Sous un portrait en médaillon (que n’aurait pas renié Nicolas de Largillierre) du génial « inventeur », les chaises, le petit bureau et le fauteuil de style Louis XVI rustique semblaient venus tout droit de son château de Bonrepos. Nous avons assisté à la rencontre entre le grand homme et un musicien qui aurait pu être son contemporain, devant un public que les artistes ont imaginé composé de ses « bras », de ces ouvriers participant à la réalisation de son « grand œuvre ».
Le comédien Maurice Petit narrait agréablement les heurs et malheurs de la construction de ce Canal du Midi, de cet ouvrage d’art. Il lui manquait peut-être le grain de folie que l’on prête au grand homme, mais il ponctuait heureusement son récit de traits d’humour bienvenus : son « Il n’est pas dans nos usages de faire salon » ne manquait pas de sel, devant un aréopage de notabilités locales et régionales. Et il m’a semblé que Monsieur Riquet souriait dans son portrait. Par contre, l’évocation des arbres dont celui-ci a voulu border son œuvre, sonnait tristement à l’heure où l’on doit les abattre pour cause de maladie inoculée par notre monde moderne ; de même que celle de ses idées « sociales », des congés maladies par exemple, qui en faisait un précurseur en son temps, alors que certains de nos gouvernants s’acharnent à détruire l’héritage du Conseil National de la Résistance qui en fit une réalité avec la Sécurité Sociale.

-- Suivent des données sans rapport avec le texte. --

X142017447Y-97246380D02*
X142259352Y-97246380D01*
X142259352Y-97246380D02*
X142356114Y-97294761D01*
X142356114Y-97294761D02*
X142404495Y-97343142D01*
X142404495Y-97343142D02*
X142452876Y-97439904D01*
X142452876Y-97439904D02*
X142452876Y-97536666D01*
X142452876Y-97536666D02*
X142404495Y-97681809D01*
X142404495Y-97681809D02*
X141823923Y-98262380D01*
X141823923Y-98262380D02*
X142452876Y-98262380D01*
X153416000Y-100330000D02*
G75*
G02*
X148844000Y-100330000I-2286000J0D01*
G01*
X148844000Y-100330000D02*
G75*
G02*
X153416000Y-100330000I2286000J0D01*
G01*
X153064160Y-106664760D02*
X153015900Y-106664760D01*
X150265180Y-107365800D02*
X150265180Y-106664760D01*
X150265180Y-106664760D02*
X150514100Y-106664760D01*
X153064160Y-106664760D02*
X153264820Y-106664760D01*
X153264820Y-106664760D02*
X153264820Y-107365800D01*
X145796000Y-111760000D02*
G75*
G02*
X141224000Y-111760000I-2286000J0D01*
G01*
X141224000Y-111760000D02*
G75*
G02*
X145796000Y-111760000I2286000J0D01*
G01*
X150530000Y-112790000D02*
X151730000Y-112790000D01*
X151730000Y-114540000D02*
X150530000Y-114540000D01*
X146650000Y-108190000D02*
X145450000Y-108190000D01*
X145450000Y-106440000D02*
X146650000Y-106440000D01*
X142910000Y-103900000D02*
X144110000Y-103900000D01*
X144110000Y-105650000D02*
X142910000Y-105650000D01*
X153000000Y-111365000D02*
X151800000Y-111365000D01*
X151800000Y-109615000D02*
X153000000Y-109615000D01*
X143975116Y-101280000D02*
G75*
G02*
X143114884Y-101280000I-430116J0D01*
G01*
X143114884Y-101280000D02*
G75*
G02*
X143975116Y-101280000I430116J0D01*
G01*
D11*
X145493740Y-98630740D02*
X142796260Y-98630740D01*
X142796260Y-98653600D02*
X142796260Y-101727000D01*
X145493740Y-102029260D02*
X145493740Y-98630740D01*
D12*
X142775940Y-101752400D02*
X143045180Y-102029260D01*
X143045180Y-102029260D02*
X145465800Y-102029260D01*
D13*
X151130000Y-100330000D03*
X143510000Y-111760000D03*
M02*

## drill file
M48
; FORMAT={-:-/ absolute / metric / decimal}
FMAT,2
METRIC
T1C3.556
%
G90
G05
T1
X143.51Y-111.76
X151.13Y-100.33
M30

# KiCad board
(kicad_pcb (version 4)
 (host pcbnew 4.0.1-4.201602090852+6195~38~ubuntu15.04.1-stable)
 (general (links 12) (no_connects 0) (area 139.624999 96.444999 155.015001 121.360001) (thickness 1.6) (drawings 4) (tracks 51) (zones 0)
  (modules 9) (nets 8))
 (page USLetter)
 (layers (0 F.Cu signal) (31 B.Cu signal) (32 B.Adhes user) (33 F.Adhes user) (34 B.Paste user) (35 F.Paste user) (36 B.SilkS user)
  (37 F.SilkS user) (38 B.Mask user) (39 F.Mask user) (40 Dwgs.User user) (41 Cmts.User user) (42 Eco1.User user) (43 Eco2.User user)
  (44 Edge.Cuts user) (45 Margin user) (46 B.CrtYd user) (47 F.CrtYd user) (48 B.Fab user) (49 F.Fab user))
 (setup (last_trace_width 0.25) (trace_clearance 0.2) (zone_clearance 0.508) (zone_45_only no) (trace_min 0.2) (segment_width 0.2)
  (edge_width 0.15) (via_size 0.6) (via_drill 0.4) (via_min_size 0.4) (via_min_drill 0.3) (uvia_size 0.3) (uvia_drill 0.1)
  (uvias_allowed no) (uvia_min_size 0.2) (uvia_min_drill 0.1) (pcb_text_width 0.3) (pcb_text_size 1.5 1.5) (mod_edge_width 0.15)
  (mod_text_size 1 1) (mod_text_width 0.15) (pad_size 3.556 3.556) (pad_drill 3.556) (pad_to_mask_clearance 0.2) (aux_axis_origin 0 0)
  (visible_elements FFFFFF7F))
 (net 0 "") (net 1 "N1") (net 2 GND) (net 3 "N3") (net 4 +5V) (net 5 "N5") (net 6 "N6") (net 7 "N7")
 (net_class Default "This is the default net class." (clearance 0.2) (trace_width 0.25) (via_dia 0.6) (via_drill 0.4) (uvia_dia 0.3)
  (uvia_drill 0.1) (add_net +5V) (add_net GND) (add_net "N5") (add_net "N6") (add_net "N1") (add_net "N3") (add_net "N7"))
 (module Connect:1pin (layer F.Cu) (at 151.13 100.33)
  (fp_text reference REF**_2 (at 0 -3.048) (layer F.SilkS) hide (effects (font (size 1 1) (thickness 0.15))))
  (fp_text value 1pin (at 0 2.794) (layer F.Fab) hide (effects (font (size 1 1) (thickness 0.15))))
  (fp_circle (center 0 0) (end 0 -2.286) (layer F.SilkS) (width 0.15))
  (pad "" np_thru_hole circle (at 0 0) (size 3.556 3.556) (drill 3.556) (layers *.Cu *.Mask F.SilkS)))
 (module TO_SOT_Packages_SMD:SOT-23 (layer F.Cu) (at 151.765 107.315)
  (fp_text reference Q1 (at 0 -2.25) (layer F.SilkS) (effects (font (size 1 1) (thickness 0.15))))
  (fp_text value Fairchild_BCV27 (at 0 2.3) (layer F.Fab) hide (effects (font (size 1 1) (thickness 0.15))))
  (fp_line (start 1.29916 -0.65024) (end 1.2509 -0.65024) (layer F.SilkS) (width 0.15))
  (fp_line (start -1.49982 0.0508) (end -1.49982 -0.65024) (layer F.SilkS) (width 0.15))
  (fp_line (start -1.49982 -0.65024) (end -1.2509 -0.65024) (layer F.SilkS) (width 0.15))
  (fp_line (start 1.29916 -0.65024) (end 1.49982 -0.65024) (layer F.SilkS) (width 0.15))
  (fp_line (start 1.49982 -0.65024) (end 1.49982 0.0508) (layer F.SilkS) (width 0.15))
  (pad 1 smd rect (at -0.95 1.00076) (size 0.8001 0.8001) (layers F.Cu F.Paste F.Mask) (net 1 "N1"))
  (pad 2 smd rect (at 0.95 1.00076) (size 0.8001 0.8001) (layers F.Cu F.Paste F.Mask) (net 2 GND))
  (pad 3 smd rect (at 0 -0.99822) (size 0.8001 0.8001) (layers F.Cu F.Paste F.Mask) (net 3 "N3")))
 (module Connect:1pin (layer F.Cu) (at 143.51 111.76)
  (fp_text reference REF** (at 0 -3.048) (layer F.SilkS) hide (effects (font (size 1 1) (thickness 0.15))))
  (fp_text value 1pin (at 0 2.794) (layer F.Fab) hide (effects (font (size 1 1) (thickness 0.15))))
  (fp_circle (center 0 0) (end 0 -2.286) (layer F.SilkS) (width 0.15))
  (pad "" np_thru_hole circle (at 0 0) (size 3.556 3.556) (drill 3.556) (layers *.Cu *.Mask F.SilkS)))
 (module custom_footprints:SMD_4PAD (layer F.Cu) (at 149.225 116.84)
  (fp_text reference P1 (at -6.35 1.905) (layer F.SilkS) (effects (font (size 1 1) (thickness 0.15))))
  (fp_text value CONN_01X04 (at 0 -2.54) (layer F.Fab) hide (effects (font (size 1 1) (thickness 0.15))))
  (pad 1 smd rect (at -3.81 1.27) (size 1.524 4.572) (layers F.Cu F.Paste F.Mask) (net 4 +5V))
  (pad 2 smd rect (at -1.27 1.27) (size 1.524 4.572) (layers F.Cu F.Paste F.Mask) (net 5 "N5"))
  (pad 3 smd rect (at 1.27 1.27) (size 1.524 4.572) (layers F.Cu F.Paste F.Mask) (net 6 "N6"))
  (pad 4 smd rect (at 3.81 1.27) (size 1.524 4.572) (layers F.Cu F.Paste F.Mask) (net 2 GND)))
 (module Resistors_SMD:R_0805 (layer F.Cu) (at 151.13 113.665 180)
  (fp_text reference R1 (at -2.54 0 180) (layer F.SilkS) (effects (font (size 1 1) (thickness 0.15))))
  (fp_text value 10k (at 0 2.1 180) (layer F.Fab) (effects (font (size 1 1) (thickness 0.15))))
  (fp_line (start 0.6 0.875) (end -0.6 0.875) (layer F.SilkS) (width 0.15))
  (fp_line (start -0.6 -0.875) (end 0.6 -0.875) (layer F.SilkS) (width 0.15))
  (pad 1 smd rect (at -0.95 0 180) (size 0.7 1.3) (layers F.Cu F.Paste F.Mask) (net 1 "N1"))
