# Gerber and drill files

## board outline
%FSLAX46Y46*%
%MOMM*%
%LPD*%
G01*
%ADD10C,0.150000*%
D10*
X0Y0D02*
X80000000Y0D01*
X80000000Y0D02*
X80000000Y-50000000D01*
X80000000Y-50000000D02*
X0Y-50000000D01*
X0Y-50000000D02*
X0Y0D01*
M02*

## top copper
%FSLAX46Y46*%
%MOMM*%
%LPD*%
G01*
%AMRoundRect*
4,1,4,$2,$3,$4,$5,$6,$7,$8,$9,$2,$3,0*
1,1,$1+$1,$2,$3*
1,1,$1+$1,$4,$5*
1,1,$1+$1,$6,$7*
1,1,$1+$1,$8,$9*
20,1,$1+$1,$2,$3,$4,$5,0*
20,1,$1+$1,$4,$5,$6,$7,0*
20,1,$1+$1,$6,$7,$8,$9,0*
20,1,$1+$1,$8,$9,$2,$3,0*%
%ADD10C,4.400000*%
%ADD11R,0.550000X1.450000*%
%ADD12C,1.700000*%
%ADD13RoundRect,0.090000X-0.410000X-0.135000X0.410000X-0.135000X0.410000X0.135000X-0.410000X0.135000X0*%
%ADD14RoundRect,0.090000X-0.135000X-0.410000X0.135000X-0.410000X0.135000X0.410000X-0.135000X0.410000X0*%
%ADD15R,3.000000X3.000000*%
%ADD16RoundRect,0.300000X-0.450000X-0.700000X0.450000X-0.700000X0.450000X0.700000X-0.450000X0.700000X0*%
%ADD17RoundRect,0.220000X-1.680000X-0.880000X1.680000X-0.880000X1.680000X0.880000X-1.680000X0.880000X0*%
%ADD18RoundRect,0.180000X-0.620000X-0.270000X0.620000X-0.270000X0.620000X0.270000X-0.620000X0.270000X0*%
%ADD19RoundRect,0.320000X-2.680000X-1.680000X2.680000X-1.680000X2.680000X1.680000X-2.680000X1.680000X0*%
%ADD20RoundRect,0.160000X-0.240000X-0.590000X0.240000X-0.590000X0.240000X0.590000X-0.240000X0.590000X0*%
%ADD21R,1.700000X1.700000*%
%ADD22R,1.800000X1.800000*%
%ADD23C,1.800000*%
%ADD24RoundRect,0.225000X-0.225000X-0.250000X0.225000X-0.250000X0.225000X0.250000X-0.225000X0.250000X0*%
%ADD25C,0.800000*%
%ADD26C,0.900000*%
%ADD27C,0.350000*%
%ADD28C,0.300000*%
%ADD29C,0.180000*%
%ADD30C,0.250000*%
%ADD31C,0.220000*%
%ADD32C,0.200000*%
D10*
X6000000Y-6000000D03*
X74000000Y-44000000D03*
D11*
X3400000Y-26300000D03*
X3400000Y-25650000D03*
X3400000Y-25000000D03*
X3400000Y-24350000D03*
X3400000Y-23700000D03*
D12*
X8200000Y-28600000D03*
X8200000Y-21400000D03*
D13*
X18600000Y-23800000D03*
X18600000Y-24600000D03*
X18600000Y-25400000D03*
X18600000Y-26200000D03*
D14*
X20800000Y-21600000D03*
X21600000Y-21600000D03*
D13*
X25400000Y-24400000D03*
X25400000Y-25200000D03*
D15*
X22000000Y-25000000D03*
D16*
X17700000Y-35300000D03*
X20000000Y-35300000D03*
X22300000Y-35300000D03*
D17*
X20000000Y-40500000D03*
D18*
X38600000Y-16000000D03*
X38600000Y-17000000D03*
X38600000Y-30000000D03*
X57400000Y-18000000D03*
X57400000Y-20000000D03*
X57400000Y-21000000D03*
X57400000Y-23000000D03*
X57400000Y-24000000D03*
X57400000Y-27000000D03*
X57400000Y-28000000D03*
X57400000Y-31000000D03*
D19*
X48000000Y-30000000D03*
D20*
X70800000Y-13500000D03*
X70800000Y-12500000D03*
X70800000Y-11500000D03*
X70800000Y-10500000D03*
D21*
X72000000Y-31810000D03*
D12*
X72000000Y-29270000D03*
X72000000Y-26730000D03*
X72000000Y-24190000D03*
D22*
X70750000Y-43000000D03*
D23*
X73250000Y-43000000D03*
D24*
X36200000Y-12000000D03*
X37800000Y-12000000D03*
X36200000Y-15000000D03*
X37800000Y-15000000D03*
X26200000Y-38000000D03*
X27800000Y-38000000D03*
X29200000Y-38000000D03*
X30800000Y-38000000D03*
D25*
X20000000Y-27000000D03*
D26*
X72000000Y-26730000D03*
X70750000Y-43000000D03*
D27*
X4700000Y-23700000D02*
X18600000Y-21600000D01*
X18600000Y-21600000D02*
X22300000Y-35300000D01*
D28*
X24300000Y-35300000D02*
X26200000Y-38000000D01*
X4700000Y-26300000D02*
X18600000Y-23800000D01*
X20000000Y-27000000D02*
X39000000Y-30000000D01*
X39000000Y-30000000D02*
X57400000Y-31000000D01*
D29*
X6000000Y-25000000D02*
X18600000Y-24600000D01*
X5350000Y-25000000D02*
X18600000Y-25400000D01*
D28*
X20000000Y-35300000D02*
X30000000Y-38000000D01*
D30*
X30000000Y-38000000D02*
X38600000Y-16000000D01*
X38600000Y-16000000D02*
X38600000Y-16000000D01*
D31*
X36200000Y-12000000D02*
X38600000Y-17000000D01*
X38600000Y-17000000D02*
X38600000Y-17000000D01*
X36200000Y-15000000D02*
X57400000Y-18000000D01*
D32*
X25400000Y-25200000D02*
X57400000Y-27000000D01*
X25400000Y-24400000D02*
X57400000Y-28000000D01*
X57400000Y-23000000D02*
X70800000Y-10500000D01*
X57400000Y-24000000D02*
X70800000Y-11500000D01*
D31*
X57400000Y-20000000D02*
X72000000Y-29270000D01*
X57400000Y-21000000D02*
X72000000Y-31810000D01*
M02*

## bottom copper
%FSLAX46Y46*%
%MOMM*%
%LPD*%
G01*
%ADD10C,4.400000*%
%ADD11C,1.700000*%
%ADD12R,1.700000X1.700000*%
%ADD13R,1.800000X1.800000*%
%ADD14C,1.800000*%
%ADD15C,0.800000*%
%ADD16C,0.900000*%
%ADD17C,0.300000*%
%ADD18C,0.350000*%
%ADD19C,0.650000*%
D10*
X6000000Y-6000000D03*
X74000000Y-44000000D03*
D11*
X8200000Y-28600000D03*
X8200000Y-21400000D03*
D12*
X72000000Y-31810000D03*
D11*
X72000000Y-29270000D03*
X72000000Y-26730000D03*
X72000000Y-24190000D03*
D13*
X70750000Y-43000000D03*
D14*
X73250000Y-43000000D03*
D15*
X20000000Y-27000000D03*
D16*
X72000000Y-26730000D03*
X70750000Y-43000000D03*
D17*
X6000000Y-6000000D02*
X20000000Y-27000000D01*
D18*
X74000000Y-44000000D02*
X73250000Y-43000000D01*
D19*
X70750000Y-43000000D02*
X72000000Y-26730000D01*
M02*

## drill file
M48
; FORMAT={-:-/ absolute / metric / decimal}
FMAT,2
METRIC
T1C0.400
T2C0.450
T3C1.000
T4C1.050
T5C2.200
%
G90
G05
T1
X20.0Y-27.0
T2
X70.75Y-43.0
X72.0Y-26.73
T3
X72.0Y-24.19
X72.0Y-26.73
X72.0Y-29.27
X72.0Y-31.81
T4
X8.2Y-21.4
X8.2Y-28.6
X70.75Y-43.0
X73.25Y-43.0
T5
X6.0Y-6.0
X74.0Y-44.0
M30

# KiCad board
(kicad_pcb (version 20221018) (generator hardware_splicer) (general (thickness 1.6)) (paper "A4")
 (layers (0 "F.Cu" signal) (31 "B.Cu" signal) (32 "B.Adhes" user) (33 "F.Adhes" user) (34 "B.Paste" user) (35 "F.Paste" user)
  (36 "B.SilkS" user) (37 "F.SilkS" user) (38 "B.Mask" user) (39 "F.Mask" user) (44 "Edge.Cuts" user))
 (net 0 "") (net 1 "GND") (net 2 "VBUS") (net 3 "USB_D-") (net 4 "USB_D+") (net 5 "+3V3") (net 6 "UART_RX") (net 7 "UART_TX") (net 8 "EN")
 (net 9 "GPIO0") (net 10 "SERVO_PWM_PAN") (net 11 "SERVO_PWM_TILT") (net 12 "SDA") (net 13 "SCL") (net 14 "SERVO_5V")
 (gr_line (start 0 0) (end 80 0) (layer "Edge.Cuts") (width 0.15))
 (gr_line (start 80 0) (end 80 50) (layer "Edge.Cuts") (width 0.15))
 (gr_line (start 80 50) (end 0 50) (layer "Edge.Cuts") (width 0.15))
 (gr_line (start 0 50) (end 0 0) (layer "Edge.Cuts") (width 0.15))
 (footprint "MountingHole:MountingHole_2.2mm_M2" (layer "F.Cu") (at 6 6 0) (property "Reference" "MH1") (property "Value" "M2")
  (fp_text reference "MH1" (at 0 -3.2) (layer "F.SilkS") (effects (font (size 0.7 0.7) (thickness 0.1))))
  (pad "1" thru_hole circle (at 0 0) (size 4.4 4.4) (drill 2.2) (layers "*.Cu" "*.Mask") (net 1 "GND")))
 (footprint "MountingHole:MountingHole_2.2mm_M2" (layer "F.Cu") (at 74 44 0) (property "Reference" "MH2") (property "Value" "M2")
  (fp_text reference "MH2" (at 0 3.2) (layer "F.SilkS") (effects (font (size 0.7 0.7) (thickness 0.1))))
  (pad "1" thru_hole circle (at 0 0) (size 4.4 4.4) (drill 2.2) (layers "*.Cu" "*.Mask") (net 1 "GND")))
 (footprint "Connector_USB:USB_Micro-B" (layer "F.Cu") (at 6 25 90) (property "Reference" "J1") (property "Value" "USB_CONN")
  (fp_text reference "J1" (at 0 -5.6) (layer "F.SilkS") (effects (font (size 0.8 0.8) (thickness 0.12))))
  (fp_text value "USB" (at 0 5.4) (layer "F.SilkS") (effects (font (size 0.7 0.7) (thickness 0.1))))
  (pad "1" smd rect (at -1.3 -2.6) (size 0.55 1.45) (layers "F.Cu" "F.Mask" "F.Paste") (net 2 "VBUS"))
  (pad "2" smd rect (at -0.65 -2.6) (size 0.55 1.45) (layers "F.Cu" "F.Mask" "F.Paste") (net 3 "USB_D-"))
  (pad "3" smd rect (at 0 -2.6) (size 0.55 1.45) (layers "F.Cu" "F.Mask" "F.Paste") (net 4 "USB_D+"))
  (pad "4" smd rect (at 0.65 -2.6) (size 0.55 1.45) (layers "F.Cu" "F.Mask" "F.Paste") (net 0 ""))
  (pad "5" smd rect (at 1.3 -2.6) (size 0.55 1.45) (layers "F.Cu" "F.Mask" "F.Paste") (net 1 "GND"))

Mais revenons à l’essentiel : Jean-Marc Andrieu, (flûtiste), Nirina Betoto, (violon), Marjolaine Cabon (viole de gambe) et Florent Marie (théorbe), nous ont régalés avec des œuvres de Marin Marais (dont on se remémore avec émotion « l’incarnation » par Jean-Pierre Marielle et Jordi Savall dans le film Tous les matins du monde d’Alain Corneau), François et Louis Couperin, et Robert De Visée, tout à fait de circonstance. Rondeau , Menuet, Passacaille, Sarabande etc., interprétées avec toujours autant de fougue, de talent…et de passion. Pour Jean-Marc Andrieu, « la musique ancienne est bien une musique de notre temps » : il lui est revenu fort justement de faire renaitre le magnifique Requiem du Maître de Chapelle de la Cathédrale Saint Etienne, Jean Gilles ; et bientôt le Te Deum*. Il n’a pas hésité non plus à mélanger voix baroques, voix populaires, voix d’hommes et de femmes, en compagnie des Sacqueboutiers, mais aussi de musiciens traditionnels, pour un Noël occitan qui a fait date. Son Orchestre illustre parfaitement la définition de la Musique par Geminiani « plaire à l’ouïe, exprimer les sentiments, frapper l’imagination, affecter l’esprit et communier avec les Passions ».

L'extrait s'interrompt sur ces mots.